DE19804128A1 - Spring energy store for bicycle recovery brake transmission, consisting of coil spring - Google Patents

Abstract

The spring energy store consists of a coil spring co-axial with the hub of a running wheel. The inner end of the spring can be wound over the hub (3a) of an internal-tooth gear wheel (3) on the hub axle (9). There are couplings (5, 7) connecting the other end of the spring to the hub casing (8) or hub axle. The planetary gear carrier (2) may be movable on the hub axle.

Description

Functions of the transmission

When driving forward, the spring can be switched on for braking; she tenses up. The tensioned spring can then drive the bicycle or assist with acceleration act - and of course again in the forward direction. The spring leaves during the tensioning process a force acting on the impeller that is opposite to the direction of travel, i.e. braking caused. To accelerate, the direction in which the force acts must point in the direction of travel.

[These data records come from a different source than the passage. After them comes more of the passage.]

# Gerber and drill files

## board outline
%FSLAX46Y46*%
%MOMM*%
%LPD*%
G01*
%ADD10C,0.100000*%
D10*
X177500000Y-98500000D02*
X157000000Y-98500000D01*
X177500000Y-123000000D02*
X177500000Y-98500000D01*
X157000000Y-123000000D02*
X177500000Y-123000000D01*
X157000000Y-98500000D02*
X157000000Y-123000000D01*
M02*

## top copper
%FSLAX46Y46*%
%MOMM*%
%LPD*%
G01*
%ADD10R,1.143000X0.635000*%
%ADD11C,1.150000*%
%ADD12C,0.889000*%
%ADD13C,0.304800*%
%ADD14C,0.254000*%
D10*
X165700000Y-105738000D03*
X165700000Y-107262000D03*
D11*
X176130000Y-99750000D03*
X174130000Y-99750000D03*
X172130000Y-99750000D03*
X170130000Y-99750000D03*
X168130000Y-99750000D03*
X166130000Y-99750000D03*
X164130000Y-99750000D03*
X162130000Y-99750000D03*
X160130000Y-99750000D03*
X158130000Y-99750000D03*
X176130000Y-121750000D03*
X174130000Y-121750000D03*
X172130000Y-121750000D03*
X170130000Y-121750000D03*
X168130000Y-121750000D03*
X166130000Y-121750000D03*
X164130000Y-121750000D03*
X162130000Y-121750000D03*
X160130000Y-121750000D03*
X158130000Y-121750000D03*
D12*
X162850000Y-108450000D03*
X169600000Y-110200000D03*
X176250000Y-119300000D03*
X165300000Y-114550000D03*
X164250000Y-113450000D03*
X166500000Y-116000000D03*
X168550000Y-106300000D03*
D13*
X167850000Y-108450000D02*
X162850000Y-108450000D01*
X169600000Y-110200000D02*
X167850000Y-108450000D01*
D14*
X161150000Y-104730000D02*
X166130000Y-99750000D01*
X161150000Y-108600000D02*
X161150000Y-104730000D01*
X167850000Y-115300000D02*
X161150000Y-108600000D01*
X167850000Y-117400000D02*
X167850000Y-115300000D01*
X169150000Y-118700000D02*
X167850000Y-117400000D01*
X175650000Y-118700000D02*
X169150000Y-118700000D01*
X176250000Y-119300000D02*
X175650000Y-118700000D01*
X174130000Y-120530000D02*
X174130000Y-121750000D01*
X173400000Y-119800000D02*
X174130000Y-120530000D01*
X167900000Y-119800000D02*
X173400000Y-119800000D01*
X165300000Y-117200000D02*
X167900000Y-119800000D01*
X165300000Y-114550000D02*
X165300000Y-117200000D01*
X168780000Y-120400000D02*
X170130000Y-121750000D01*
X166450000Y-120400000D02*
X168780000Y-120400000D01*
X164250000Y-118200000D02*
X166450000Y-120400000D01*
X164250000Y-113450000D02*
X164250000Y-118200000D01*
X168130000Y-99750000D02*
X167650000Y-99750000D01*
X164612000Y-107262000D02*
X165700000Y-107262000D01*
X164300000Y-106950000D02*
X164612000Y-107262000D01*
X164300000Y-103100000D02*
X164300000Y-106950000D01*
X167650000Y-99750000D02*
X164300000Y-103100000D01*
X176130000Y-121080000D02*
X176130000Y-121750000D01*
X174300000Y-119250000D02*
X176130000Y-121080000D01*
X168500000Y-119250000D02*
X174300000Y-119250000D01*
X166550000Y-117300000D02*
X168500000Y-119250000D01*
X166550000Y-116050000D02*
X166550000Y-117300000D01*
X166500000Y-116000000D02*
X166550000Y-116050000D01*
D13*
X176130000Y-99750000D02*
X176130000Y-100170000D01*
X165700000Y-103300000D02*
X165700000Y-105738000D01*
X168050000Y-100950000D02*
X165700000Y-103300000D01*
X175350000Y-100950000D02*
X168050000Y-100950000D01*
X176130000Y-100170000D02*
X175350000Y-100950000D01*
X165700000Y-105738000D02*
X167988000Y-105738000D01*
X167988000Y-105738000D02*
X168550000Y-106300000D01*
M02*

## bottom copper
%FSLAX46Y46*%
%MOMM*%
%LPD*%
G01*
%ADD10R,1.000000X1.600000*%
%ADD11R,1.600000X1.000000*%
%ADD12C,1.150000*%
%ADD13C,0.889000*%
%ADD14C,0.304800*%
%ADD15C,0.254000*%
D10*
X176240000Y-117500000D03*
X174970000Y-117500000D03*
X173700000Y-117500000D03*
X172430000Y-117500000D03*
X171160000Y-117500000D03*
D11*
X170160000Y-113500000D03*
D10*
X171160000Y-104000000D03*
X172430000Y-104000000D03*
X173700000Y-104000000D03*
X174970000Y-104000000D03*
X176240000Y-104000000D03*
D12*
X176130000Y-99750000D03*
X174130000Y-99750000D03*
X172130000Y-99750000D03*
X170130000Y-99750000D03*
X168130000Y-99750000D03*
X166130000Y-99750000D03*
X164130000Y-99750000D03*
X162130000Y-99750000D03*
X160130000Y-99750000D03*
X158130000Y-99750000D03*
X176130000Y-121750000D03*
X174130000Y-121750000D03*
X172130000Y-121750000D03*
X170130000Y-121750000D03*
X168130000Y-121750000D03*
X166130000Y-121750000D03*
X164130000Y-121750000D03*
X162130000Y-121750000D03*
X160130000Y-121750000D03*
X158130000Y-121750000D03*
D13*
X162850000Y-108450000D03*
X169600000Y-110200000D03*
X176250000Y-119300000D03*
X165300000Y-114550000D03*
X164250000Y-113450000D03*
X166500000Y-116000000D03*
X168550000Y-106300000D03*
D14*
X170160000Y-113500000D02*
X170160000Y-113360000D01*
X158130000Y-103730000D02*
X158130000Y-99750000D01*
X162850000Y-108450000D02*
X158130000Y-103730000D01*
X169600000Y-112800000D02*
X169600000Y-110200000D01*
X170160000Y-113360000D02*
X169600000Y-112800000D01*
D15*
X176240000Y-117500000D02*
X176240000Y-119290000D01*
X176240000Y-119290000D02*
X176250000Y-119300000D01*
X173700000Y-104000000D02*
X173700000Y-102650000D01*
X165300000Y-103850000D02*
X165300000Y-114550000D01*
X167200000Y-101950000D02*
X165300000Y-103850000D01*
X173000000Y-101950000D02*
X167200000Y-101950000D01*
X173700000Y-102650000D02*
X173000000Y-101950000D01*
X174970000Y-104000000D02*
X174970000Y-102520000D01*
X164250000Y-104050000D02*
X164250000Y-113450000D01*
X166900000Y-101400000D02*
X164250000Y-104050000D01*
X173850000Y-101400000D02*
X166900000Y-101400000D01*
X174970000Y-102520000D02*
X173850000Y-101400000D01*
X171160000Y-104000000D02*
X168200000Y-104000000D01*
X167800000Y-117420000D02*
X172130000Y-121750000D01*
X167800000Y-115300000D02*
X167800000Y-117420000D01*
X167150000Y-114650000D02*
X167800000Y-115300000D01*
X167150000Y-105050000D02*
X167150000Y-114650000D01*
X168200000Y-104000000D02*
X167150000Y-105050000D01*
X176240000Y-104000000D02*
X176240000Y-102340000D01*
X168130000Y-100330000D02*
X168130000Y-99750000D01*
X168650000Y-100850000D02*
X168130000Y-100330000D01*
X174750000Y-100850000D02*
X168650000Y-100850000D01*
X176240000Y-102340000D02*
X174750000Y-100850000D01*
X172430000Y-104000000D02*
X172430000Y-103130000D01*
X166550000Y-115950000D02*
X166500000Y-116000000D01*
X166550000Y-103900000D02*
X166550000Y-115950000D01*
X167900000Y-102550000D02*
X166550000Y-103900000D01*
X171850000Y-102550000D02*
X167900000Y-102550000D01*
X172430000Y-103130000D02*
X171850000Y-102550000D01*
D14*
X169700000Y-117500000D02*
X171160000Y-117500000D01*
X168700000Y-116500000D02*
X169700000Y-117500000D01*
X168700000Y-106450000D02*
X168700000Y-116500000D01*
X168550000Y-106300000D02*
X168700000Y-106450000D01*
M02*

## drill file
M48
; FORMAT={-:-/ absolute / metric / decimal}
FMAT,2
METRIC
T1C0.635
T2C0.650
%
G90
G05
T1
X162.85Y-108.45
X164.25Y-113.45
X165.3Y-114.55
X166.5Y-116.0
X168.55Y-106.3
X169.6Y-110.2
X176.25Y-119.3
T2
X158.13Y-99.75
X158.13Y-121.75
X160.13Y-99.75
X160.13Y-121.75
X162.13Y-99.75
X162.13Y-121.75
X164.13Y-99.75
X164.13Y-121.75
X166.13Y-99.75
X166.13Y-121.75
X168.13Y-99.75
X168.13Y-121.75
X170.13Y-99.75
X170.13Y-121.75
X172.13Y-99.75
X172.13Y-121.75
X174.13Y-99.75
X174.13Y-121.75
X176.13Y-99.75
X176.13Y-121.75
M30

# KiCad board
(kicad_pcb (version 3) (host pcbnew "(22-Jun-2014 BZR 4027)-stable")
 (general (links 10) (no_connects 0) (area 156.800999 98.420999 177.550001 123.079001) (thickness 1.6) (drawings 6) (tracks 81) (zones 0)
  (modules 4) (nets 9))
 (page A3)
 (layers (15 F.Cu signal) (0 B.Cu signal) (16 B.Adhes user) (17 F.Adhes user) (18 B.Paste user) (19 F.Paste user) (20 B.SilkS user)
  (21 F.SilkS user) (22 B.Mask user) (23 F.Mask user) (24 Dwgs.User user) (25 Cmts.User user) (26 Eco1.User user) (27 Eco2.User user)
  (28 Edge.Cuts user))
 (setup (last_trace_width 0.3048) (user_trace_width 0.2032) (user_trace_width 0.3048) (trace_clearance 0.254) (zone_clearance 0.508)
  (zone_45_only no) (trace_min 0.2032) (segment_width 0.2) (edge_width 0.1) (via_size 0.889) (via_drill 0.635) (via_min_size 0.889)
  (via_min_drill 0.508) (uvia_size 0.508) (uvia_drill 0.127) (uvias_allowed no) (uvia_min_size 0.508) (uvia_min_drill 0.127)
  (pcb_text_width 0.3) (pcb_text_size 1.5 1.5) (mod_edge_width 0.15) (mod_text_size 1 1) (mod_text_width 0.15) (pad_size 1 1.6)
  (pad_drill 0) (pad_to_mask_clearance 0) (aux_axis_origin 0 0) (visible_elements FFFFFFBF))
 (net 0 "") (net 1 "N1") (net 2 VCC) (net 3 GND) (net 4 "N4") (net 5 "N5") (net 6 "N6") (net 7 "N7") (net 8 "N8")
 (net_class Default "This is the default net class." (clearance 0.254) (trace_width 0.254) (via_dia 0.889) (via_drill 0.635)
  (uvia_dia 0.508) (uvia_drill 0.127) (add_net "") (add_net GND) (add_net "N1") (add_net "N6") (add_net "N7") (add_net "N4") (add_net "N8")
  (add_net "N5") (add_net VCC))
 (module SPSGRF (layer B.Cu) (at 173.7 110.75 90) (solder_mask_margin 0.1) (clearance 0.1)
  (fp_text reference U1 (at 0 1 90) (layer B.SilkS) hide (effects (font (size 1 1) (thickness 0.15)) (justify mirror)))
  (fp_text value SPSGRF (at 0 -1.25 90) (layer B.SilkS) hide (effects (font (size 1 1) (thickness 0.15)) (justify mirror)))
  (pad 1 smd rect (at -6.75 2.54 90) (size 1.6 1) (layers B.Cu B.Paste B.Mask) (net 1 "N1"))
  (pad 2 smd rect (at -6.75 1.27 90) (size 1.6 1) (layers B.Cu B.Paste B.Mask))
  (pad 3 smd rect (at -6.75 0 90) (size 1.6 1) (layers B.Cu B.Paste B.Mask))
  (pad 4 smd rect (at -6.75 -1.27 90) (size 1.6 1) (layers B.Cu B.Paste B.Mask))
  (pad 5 smd rect (at -6.75 -2.54 90) (size 1.6 1) (layers B.Cu B.Paste B.Mask) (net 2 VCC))
  (pad 6 smd rect (at -2.75 -3.54 90) (size 1 1.6) (layers B.Cu B.Paste B.Mask) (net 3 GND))
  (pad 7 smd rect (at 6.75 -2.54 90) (size 1.6 1) (layers B.Cu B.Paste B.Mask) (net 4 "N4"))
  (pad 8 smd rect (at 6.75 -1.27 90) (size 1.6 1) (layers B.Cu B.Paste B.Mask) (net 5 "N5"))
  (pad 9 smd rect (at 6.75 0 90) (size 1.6 1) (layers B.Cu B.Paste B.Mask) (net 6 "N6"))
  (pad 10 smd rect (at 6.75 1.27 90) (size 1.6 1) (layers B.Cu B.Paste B.Mask) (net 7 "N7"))
  (pad 11 smd rect (at 6.75 2.54 90) (size 1.6 1) (layers B.Cu B.Paste B.Mask) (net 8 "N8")))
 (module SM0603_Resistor (layer F.Cu) (at 165.7 106.5 270)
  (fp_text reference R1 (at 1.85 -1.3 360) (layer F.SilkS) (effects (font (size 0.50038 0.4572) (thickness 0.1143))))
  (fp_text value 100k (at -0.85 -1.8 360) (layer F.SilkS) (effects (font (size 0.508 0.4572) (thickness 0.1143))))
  (pad 1 smd rect (at -0.762 0 270) (size 0.635 1.143) (layers F.Cu F.Paste F.Mask) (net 2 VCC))
  (pad 2 smd rect (at 0.762 0 270) (size 0.635 1.143) (layers F.Cu F.Paste F.Mask) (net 8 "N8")))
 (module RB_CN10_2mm (layer F.Cu) (at 167.13 110.75)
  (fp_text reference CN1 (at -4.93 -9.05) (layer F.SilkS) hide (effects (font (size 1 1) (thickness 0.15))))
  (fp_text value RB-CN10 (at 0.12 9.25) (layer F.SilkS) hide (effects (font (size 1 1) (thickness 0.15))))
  (pad 1 thru_hole circle (at 9 -11) (size 1.15 1.15) (drill 0.65) (layers *.Cu *.Mask F.SilkS) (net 2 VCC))
  (pad 2 thru_hole circle (at 7 -11) (size 1.15 1.15) (drill 0.65) (layers *.Cu *.Mask F.SilkS))
  (pad 3 thru_hole circle (at 5 -11) (size 1.15 1.15) (drill 0.65) (layers *.Cu *.Mask F.SilkS))
  (pad 4 thru_hole circle (at 3 -11) (size 1.15 1.15) (drill 0.65) (layers *.Cu *.Mask F.SilkS))
  (pad 5 thru_hole circle (at 1 -11) (size 1.15 1.15) (drill 0.65) (layers *.Cu *.Mask F.SilkS) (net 8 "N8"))
  (pad 6 thru_hole circle (at -1 -11) (size 1.15 1.15) (drill 0.65) (layers *.Cu *.Mask F.SilkS) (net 1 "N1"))
  (pad 7 thru_hole circle (at -3 -11) (size 1.15 1.15) (drill 0.65) (layers *.Cu *.Mask F.SilkS))
  (pad 8 thru_hole circle (at -5 -11) (size 1.15 1.15) (drill 0.65) (layers *.Cu *.Mask F.SilkS))
  (pad 9 thru_hole circle (at -7 -11) (size 1.15 1.15) (drill 0.65) (layers *.Cu *.Mask F.SilkS))
  (pad 10 thru_hole circle (at -9 -11) (size 1.15 1.15) (drill 0.65) (layers *.Cu *.Mask F.SilkS) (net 3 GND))
  (pad 11 thru_hole circle (at 9 11) (size 1.15 1.15) (drill 0.65) (layers *.Cu *.Mask F.SilkS) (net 5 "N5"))
  (pad 12 thru_hole circle (at 7 11) (size 1.15 1.15) (drill 0.65) (layers *.Cu *.Mask F.SilkS) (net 6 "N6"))
  (pad 13 thru_hole circle (at 5 11) (size 1.15 1.15) (drill 0.65) (layers *.Cu *.Mask F.SilkS) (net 4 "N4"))
  (pad 14 thru_hole circle (at 3 11) (size 1.15 1.15) (drill 0.65) (layers *.Cu *.Mask F.SilkS) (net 7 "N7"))
  (pad 15 thru_hole circle (at 1 11) (size 1.15 1.15) (drill 0.65) (layers *.Cu *.Mask F.SilkS))
  (pad 16 thru_hole circle (at -1 11) (size 1.15 1.15) (drill 0.65) (layers *.Cu *.Mask F.SilkS))
  (pad 17 thru_hole circle (at -3 11) (size 1.15 1.15) (drill 0.65) (layers *.Cu *.Mask F.SilkS))
  (pad 18 thru_hole circle (at -5 11) (size 1.15 1.15) (drill 0.65) (layers *.Cu *.Mask F.SilkS))
  (pad 19 thru_hole circle (at -7 11) (size 1.15 1.15) (drill 0.65) (layers *.Cu *.Mask F.SilkS))
  (pad 20 thru_hole circle (at -9 11) (size 1.15 1.15) (drill 0.65) (layers *.Cu *.Mask F.SilkS)))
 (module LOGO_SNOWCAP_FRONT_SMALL (layer F.Cu) (at 172 110.95 270)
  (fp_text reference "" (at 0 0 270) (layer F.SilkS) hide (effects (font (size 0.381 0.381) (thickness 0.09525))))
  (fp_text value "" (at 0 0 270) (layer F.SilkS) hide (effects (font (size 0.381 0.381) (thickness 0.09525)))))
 (gr_line (start 177.5 98.5) (end 157 98.5) (angle 90) (layer Edge.Cuts) (width 0.1))
 (gr_line (start 177.5 123) (end 177.5 98.5) (angle 90) (layer Edge.Cuts) (width 0.1))
 (gr_line (start 157 123) (end 177.5 123) (angle 90) (layer Edge.Cuts) (width 0.1))
 (gr_line (start 157 98.5) (end 157 123) (angle 90) (layer Edge.Cuts) (width 0.1))
 (segment (start 170.16 113.5) (end 170.16 113.36) (width 0.3048) (layer B.Cu) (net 3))
 (segment (start 158.13 103.73) (end 158.13 99.75) (width 0.3048) (layer B.Cu) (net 3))
 (segment (start 162.85 108.45) (end 158.13 103.73) (width 0.3048) (layer B.Cu) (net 3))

So a gearbox is necessary for this, which has the primary task of reversing the direction of rotation. In addition, it still has to perform some switching tasks (e.g. switch to idle - that is Decouple the gearbox completely mechanically from the impeller when it is not in use).

The basis of the transmission

The basis of the transmission, which indicates the direction of the spring force when switching from "brakes" "Accelerate" is a planetary gear.

The planetary gear is shown schematically in Fig. 1. It consists of the sun gear ( 1 ), the planet gears ( 2 ) and the internally toothed gear ( 3 ). Around the sun gear, which is permanently rigidly attached to the axle, i.e. firmly connected to the frame of the bicycle, are three (alternatively four) planet gears, the axles of which are freely rotatable in the planetary triangle ( 2 ). The planet gears engage on the outside in an internally toothed wheel ( 3 ). In its hub, which is mounted on the axle, the spiral spring is hung on its inside end. The outer end of the spring is connected to the spring housing ( 4 ).

The switching states of the transmission

There are four switching states: (see also table and drawing, Fig. 1).

I: Tension spring (= load memory / brake)

For this purpose, the planetary triangle ( 2 ) must be firmly coupled to the axis, i.e. the sun gear ( 1 ). As a result, the inside spring end is connected via part 3 as with the fixed axis. Since the spring housing is connected to the impeller hub housing via part 7 , the spring is tensioned directly by rotating the impeller.

II: Relax spring (= unload storage / drive)

Now the planet triangle ( 2 ) must be firmly connected to the hub shell (i.e. the rim). At the same time, the coupling of part 2 with the axis ( 9 ) is released. The connection part 4 / hub housing remains. So now part 3 is moved in the forward direction by the tensioned spring relative to the rim. As a result, the planetary gears roll in the same direction over the sun gear, and so the planetary triangle moves the rim in the forward direction - this time, however, with reduction, ie the drive takes place over a greater distance than the braking distance. The power is smaller, but it supports the driver.

III: idle / spring relaxed

The entire spring mechanism is taken out of operation when part 7 is out of engagement, ie the spring housing ( 4 ) is freely movable.

IV: idle / spring tensioned

To conserve the stored spring energy for later use, the two spring ends (inside and outside) must not move relative to each other. So part 3 a (inner spring end) must be firmly connected to the hub or rim (outer spring end).

This is not yet realized by the option shown in the figure. For this are a second, separately controlled shifting cable and guided from the other axle side into the hub and another Switching element required (not shown).

Tension / relax at different speeds

It is possible to swap the functions of tensioning and relaxing. That is, it is also possible to tension the spring in switching state II and to relax in gear state I. For the swapping the functions of tensioning / relaxing only the front wheel has to be turned. Here the charging would now take place over a longer distance - but less braking. About at Downhill this can be useful. When using the tensioning work, the bike becomes even more powerful accelerates.  

Switching characteristics

It would be most convenient for the user to have a gear lever on the handlebar, similar to one Hub gear to have. If the driver now wants to brake while driving, he switches from "Idling on "brakes" - and the energy storage is charged.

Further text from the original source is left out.